For the entries below, print exactly the lines between the line holding "# Gerber and drill files" and the line holding "X130030000Y-123870000D02*", inclusive, and nothing else.

▸ Stored data

*** Begin section ***

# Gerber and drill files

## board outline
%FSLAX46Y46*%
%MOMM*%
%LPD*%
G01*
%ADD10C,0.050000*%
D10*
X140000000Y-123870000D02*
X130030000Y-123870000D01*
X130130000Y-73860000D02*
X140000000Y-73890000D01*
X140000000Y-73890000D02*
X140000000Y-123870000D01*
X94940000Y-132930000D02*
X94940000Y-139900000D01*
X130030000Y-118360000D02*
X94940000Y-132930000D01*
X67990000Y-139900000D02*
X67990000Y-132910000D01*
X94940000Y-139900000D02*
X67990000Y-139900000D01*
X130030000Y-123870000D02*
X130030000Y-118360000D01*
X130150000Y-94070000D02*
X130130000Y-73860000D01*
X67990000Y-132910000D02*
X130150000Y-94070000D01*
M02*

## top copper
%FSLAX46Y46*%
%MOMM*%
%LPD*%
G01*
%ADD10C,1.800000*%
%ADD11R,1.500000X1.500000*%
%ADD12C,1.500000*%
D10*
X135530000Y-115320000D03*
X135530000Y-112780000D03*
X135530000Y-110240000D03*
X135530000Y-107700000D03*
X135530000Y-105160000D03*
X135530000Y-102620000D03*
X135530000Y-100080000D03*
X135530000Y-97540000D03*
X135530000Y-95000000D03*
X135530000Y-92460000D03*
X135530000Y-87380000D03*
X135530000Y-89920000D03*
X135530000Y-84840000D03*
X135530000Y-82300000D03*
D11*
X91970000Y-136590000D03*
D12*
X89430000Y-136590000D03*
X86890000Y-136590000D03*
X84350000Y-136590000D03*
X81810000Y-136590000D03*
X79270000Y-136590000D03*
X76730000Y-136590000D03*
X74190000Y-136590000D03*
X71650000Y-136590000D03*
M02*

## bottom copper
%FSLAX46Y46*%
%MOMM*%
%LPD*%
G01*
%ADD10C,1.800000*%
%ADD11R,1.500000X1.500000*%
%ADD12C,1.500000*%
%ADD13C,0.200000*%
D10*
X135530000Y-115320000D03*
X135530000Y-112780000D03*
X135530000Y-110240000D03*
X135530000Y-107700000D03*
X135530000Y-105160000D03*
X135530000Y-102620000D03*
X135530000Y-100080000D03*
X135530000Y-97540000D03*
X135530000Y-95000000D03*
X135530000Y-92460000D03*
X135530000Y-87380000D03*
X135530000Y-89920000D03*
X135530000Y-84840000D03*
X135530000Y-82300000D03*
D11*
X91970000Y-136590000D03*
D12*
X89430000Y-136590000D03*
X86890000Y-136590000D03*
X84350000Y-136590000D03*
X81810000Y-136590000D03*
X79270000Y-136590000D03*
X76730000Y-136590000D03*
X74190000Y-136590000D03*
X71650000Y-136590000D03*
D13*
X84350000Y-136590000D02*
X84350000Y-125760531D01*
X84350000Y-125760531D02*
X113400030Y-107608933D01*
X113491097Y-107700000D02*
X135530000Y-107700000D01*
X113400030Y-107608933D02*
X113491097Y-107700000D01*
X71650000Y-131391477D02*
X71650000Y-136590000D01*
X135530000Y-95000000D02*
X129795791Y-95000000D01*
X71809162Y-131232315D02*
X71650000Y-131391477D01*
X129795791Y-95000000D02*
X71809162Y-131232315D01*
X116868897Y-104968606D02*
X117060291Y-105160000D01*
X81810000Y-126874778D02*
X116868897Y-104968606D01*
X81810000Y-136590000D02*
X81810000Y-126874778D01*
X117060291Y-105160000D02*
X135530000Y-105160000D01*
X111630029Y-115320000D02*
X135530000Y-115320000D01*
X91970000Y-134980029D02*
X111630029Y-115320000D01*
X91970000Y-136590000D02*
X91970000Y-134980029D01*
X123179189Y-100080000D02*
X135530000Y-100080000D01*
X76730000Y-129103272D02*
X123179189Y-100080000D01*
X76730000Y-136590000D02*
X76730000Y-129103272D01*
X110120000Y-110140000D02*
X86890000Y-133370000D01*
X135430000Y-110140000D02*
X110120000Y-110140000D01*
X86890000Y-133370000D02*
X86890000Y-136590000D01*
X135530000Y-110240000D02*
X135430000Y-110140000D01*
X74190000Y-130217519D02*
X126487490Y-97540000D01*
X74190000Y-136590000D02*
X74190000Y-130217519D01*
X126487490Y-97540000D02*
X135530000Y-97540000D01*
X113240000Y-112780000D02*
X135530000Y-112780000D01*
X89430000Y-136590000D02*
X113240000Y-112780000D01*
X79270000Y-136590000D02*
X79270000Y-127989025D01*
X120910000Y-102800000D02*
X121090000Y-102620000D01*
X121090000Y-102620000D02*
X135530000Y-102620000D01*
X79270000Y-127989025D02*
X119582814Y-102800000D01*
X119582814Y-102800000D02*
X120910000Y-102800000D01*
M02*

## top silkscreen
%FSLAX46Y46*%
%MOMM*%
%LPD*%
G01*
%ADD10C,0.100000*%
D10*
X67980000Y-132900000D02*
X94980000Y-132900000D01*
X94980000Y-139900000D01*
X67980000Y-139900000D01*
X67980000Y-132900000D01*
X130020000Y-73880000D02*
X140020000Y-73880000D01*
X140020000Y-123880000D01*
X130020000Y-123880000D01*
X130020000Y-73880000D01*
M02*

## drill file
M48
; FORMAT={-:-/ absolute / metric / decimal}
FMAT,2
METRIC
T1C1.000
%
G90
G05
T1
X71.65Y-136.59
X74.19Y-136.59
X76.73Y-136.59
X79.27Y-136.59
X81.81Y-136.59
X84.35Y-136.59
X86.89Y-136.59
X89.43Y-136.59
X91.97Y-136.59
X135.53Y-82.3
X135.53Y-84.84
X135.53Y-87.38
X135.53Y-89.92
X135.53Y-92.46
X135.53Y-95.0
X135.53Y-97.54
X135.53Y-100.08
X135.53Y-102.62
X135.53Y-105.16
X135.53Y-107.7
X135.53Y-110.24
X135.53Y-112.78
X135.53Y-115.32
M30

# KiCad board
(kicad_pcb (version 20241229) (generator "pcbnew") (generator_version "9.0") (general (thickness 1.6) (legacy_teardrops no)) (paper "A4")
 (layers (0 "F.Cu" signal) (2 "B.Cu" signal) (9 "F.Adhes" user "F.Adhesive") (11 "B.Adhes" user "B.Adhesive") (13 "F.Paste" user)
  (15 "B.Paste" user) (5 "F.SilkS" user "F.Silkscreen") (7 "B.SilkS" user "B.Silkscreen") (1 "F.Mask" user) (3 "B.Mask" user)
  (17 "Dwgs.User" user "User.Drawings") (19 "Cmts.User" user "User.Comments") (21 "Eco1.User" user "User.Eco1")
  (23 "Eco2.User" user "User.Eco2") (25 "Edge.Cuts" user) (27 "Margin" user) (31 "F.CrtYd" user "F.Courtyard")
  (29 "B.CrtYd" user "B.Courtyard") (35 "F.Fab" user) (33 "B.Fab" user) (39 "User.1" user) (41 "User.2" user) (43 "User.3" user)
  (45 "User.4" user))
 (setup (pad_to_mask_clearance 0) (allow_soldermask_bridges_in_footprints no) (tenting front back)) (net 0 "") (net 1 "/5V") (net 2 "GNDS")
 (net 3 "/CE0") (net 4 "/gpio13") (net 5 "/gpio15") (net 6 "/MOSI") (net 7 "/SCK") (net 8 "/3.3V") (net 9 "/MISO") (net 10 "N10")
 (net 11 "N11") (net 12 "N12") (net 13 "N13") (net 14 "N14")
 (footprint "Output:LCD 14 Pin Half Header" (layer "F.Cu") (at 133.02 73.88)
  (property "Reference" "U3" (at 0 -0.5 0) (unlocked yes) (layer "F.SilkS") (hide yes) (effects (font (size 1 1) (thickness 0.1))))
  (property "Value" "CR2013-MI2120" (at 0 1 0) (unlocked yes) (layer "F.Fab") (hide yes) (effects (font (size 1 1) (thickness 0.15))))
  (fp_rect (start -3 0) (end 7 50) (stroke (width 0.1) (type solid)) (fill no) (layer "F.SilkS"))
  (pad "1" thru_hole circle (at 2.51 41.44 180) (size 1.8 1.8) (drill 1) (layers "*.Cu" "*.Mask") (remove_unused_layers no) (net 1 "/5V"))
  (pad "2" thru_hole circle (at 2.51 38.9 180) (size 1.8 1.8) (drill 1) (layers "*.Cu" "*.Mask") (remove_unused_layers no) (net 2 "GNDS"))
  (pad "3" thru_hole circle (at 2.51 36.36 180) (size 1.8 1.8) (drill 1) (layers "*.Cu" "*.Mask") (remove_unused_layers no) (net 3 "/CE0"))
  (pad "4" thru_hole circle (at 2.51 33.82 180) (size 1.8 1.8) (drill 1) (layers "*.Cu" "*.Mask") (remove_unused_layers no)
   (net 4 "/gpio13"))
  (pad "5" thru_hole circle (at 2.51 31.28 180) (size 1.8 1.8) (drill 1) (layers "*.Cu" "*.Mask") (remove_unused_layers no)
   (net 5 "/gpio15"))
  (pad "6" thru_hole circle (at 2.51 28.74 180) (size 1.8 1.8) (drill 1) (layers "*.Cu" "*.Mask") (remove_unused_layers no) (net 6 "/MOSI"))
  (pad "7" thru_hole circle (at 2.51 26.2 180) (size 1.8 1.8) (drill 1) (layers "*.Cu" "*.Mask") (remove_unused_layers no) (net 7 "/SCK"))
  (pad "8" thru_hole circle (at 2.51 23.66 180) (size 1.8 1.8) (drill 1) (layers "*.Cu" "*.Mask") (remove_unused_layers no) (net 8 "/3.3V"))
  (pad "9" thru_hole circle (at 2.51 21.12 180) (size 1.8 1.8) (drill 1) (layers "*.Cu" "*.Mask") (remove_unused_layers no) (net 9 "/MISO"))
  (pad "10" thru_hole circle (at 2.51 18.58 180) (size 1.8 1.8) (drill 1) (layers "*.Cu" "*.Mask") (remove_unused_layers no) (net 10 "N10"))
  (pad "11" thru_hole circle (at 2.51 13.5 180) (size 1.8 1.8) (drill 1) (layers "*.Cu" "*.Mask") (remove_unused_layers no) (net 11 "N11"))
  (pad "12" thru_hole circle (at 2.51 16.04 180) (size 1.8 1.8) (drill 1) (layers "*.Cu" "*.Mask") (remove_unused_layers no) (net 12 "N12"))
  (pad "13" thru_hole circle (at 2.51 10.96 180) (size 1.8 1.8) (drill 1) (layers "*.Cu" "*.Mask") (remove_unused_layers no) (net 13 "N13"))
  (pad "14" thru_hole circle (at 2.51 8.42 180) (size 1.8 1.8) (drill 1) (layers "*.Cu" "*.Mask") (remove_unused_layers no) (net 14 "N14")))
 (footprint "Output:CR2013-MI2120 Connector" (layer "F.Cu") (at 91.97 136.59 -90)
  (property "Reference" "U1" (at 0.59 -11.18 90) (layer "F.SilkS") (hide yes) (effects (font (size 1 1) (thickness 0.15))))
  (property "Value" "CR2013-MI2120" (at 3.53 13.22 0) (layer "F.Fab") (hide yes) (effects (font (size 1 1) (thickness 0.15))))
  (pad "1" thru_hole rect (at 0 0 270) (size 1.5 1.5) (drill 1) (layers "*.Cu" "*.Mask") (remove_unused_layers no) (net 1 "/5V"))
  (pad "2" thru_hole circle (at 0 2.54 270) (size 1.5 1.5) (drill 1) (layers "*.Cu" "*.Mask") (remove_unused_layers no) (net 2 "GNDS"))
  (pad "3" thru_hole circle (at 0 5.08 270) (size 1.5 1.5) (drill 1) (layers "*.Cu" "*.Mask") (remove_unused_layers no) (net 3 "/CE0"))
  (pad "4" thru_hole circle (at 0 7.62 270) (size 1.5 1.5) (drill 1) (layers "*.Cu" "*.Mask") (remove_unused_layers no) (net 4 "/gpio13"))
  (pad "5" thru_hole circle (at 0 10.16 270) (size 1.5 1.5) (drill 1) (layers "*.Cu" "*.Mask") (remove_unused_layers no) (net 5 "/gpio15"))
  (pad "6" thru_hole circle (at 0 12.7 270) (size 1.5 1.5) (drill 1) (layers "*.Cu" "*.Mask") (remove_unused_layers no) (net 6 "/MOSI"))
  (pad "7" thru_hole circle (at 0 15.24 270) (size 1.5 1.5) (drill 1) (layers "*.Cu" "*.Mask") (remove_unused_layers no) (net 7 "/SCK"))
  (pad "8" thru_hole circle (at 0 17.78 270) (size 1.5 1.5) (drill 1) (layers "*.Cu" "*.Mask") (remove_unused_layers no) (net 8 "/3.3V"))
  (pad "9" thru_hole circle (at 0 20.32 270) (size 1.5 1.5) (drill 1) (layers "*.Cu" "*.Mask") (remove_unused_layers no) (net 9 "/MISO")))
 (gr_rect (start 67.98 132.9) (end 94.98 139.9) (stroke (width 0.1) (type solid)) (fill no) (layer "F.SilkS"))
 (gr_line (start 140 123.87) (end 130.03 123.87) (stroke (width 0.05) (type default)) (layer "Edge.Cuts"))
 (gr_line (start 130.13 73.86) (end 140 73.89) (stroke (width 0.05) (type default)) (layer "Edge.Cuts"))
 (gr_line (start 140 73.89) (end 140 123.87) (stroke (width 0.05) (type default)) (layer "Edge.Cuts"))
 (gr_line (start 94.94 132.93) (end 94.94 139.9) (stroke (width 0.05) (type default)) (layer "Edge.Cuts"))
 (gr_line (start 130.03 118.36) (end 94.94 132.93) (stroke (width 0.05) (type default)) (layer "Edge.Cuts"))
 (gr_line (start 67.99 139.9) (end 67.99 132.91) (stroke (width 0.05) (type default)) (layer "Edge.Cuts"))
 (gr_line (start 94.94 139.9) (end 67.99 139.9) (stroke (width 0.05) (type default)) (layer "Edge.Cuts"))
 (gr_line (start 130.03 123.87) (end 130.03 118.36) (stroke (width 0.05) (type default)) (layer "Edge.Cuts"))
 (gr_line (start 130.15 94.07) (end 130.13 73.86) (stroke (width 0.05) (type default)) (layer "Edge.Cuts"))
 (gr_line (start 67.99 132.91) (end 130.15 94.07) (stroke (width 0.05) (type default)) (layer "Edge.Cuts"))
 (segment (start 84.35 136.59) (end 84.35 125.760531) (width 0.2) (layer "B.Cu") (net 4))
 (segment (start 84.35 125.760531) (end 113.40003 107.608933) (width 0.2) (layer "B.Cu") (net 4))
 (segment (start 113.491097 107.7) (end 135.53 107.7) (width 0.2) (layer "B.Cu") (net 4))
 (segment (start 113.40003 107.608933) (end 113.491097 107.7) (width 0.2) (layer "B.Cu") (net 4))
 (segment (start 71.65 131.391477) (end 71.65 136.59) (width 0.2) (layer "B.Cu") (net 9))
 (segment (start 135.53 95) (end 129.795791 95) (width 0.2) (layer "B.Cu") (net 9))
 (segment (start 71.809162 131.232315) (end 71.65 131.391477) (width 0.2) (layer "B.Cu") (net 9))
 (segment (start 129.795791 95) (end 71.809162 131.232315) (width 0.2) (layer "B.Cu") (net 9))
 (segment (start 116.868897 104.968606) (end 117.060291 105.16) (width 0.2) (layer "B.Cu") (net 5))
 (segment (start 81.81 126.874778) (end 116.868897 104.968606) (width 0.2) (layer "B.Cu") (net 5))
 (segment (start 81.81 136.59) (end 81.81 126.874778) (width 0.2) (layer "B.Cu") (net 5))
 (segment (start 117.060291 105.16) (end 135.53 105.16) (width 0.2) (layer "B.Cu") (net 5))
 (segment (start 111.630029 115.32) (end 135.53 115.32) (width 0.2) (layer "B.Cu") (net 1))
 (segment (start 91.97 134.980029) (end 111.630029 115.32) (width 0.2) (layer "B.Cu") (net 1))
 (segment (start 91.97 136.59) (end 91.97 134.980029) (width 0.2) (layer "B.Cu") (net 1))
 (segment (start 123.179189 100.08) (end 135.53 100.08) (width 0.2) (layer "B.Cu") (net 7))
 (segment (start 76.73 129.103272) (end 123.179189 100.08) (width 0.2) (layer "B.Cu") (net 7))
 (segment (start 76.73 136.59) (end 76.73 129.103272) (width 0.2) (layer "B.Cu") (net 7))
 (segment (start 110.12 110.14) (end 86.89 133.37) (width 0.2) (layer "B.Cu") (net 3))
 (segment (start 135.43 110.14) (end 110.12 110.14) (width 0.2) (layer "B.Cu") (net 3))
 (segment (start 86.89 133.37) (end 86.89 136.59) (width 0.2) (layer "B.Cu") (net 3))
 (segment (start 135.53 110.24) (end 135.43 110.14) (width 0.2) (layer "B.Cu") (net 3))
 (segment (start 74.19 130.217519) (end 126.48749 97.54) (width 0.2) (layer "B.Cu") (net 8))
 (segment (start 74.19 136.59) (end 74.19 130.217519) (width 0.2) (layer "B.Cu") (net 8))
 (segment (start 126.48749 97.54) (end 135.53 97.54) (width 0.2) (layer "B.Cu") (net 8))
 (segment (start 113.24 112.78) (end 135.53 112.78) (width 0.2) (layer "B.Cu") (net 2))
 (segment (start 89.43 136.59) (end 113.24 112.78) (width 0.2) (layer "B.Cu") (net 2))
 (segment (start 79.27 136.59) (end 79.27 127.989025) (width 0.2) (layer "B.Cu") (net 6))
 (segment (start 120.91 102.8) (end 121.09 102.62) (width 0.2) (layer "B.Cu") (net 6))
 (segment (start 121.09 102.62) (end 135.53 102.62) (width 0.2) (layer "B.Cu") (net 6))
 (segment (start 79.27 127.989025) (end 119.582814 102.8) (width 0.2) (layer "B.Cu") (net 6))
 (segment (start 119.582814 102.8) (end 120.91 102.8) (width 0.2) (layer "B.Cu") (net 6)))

*** End section ***
*** Begin section ***

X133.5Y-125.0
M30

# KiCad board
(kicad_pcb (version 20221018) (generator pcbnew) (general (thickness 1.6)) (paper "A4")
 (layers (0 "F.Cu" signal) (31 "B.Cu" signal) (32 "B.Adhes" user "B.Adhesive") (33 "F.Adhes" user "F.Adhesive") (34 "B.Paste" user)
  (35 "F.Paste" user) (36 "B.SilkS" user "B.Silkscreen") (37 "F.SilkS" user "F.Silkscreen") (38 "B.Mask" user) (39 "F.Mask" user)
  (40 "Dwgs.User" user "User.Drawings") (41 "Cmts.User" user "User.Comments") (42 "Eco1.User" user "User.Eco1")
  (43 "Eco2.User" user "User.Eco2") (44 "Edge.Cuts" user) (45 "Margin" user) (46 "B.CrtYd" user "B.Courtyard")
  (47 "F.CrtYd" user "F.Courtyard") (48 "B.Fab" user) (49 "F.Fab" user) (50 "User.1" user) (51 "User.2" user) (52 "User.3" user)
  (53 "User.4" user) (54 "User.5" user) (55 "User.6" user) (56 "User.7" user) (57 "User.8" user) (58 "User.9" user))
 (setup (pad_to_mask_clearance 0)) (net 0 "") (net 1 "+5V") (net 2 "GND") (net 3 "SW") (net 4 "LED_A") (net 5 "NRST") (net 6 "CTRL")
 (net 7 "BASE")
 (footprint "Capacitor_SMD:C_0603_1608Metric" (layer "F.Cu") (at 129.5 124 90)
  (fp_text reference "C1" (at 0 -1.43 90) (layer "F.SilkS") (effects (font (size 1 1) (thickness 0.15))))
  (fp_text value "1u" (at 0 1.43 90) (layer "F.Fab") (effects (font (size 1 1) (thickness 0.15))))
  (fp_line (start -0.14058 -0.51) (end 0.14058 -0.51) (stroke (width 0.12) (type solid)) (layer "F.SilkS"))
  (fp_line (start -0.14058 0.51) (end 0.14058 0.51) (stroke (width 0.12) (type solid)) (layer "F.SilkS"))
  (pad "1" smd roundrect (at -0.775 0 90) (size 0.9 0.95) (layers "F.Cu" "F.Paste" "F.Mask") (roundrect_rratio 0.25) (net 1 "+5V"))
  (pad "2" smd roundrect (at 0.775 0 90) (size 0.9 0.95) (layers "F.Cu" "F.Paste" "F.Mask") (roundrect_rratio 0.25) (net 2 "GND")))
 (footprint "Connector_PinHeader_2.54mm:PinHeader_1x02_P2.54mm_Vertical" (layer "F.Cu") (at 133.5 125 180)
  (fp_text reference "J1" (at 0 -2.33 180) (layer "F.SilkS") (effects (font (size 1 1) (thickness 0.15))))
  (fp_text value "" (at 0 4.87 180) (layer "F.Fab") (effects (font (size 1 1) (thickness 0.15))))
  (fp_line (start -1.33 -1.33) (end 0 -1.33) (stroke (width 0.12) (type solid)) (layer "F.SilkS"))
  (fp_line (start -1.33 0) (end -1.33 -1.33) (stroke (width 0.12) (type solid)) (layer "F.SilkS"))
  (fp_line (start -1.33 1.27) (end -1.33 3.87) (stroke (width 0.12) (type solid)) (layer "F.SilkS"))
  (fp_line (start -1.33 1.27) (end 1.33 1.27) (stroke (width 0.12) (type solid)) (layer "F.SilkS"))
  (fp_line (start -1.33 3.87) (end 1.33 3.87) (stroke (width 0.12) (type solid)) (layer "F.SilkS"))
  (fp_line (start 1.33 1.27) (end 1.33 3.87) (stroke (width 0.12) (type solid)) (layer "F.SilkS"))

*** End section ***

▸ ANSWER SPACE
# Gerber and drill files

## board outline
%FSLAX46Y46*%
%MOMM*%
%LPD*%
G01*
%ADD10C,0.050000*%
D10*
X140000000Y-123870000D02*
X130030000Y-123870000D01*
X130130000Y-73860000D02*
X140000000Y-73890000D01*
X140000000Y-73890000D02*
X140000000Y-123870000D01*
X94940000Y-132930000D02*
X94940000Y-139900000D01*
X130030000Y-118360000D02*
X94940000Y-132930000D01*
X67990000Y-139900000D02*
X67990000Y-132910000D01*
X94940000Y-139900000D02*
X67990000Y-139900000D01*
X130030000Y-123870000D02*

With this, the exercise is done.